Dominique Méyépa

Personal information
- Nationality: Mauritian
- Born: 13 October 1972 (age 53)

Sport
- Sport: Sprinting
- Event: 4 × 100 metres relay

Medal record
Men's athletics
Representing Mauritius
Indian Ocean Island Games
| Gold medal – first place | 1993 Victoria | 4 × 100 m relay |
| Silver medal – second place | 1993 Victoria | 200 m |

= Dominique Méyépa =

Mauritian sprinter

Dominique Méyépa (born 13 October 1972) is a Mauritian sprinter. He won gold and silver medals at the Indian Ocean Island Games and competed in the men's 4 × 100 metres relay at the 1996 Summer Olympics.

Méyépa represented his country at the 1993 Indian Ocean Island Games, where he ran on the 4 × 100 metres relay to win the gold medal. He also won a silver medal in the individual 200 m at those Games.

He qualified for the 1994 Commonwealth Games in the 100 m, 200 m, and 4 × 400 m. He advanced to the quarter-finals of the 200 m, but did not make the finals.

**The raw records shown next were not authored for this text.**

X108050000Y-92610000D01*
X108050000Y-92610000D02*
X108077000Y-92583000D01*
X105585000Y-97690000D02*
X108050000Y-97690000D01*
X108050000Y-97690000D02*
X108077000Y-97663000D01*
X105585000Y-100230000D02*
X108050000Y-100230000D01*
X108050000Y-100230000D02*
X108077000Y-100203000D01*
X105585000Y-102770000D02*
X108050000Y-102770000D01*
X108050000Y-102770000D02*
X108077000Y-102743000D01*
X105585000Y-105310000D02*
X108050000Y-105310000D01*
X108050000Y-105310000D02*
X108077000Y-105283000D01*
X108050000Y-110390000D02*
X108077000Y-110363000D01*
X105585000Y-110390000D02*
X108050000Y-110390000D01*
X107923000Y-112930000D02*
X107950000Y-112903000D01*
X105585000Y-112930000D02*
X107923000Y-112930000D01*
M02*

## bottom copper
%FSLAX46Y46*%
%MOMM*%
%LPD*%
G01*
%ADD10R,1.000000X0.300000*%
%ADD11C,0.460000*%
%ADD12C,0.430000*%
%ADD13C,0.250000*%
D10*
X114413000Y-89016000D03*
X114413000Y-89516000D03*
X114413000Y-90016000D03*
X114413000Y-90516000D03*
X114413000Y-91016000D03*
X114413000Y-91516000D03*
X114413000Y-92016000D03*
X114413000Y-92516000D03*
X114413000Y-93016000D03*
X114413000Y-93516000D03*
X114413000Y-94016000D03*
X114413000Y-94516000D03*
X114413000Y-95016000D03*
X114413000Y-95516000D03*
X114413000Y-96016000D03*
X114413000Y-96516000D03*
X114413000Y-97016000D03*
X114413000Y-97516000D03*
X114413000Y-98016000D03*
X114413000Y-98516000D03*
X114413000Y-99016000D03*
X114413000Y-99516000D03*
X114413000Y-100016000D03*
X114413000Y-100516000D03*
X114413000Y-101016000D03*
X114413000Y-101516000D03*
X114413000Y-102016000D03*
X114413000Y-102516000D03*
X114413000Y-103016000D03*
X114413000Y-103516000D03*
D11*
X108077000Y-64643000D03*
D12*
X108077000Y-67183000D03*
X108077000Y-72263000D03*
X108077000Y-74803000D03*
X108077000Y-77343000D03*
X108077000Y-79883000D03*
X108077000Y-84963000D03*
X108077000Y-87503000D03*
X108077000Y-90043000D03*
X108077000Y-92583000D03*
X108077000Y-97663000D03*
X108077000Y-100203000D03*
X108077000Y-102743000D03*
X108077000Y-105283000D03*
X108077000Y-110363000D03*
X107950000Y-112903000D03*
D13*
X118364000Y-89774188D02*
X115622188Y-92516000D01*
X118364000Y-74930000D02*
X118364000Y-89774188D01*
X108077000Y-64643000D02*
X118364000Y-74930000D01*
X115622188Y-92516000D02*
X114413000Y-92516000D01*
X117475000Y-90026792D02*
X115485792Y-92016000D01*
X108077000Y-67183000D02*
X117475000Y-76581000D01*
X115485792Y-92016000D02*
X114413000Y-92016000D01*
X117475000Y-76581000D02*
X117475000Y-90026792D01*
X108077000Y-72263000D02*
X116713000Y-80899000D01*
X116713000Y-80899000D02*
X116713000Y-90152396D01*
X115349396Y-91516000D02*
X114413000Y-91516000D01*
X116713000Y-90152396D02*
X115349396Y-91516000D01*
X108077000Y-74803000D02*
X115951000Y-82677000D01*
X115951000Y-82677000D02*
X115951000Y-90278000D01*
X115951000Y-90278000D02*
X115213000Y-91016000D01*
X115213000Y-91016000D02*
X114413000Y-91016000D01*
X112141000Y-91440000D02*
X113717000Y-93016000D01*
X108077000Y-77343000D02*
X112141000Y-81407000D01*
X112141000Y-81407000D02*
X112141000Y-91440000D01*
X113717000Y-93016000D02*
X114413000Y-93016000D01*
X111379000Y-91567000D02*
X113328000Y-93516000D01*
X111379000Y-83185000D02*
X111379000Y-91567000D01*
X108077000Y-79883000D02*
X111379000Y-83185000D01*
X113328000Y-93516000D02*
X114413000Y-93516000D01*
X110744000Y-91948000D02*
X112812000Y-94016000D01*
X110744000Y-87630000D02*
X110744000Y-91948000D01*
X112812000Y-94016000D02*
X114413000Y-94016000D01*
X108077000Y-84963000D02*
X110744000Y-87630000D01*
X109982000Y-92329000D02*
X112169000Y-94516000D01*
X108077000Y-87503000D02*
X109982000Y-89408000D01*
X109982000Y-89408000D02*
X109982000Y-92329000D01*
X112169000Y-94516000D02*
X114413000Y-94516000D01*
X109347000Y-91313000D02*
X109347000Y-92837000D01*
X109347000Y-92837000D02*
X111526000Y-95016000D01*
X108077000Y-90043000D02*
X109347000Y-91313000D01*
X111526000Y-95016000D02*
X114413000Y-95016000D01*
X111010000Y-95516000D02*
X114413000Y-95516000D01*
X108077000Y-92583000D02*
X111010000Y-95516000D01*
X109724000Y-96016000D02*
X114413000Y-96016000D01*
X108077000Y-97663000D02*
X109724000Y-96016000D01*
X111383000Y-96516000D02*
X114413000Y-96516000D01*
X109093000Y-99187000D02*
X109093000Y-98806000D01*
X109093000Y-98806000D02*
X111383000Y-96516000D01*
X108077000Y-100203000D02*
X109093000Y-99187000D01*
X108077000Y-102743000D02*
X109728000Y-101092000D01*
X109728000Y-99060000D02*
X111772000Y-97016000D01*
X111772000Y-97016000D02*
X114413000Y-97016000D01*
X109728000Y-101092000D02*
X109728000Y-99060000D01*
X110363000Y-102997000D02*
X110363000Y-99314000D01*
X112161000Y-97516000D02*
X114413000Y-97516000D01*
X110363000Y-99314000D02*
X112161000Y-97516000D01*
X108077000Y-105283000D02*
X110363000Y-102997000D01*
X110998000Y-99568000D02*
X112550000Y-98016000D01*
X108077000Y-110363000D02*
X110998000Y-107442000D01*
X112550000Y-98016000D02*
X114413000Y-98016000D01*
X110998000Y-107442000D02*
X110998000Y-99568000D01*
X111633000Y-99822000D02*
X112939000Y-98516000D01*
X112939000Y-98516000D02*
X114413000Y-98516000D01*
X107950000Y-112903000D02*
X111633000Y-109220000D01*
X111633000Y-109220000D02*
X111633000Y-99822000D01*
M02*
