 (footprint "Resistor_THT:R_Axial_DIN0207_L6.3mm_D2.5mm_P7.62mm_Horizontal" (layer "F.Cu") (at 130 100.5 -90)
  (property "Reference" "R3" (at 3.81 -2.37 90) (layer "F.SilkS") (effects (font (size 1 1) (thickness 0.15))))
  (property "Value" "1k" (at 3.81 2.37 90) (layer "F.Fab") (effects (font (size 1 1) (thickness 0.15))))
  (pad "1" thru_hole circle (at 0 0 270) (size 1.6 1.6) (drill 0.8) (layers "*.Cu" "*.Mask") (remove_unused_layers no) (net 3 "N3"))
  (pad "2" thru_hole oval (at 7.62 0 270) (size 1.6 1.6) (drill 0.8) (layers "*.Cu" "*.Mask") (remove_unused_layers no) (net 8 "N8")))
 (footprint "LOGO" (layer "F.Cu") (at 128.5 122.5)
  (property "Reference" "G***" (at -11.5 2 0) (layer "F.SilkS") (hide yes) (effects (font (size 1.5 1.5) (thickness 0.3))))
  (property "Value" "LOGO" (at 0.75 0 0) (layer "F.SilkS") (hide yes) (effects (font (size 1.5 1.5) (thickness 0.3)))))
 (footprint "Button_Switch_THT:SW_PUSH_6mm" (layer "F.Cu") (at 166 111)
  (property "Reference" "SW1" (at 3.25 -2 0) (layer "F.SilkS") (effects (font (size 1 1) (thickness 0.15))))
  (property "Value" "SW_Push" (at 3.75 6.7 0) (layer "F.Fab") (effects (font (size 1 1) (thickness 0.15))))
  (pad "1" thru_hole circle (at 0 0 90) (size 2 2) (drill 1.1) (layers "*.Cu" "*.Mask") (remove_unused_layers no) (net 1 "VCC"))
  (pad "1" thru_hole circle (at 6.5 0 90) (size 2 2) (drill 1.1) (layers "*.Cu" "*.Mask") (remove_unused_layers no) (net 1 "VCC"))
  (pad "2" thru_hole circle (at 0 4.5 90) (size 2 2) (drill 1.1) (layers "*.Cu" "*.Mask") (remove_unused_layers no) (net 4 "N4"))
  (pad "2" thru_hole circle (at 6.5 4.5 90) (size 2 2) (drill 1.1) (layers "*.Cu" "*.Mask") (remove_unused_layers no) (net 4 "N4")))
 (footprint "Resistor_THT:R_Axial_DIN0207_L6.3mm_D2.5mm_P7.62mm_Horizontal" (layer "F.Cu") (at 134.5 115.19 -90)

He also qualified for the 200 m and 4 × 100 m at the 1994 Francophone Games, where he was the fastest runner not to make the 200 m semi-finals and helped his Mauritian 4 × 100 m team qualify for the finals, where they finished 8th with Méyépa on the second leg.

Méyépa won the 1995 Seychelles Athletics Federation championships in the 200 m, competing as a foreign national. The following year, he won his own Mauritian Athletics Championships in the 200 m in a time of 21.38 seconds.

At the 1996 Olympics, Méyépa ran 2nd leg on the Mauritius sprint relay team that finished 7th in their heat.

Christian Boda was said to have opened the door for Méyépa's international successes, with Méyépa representing a newer phase of Mauritian athletics.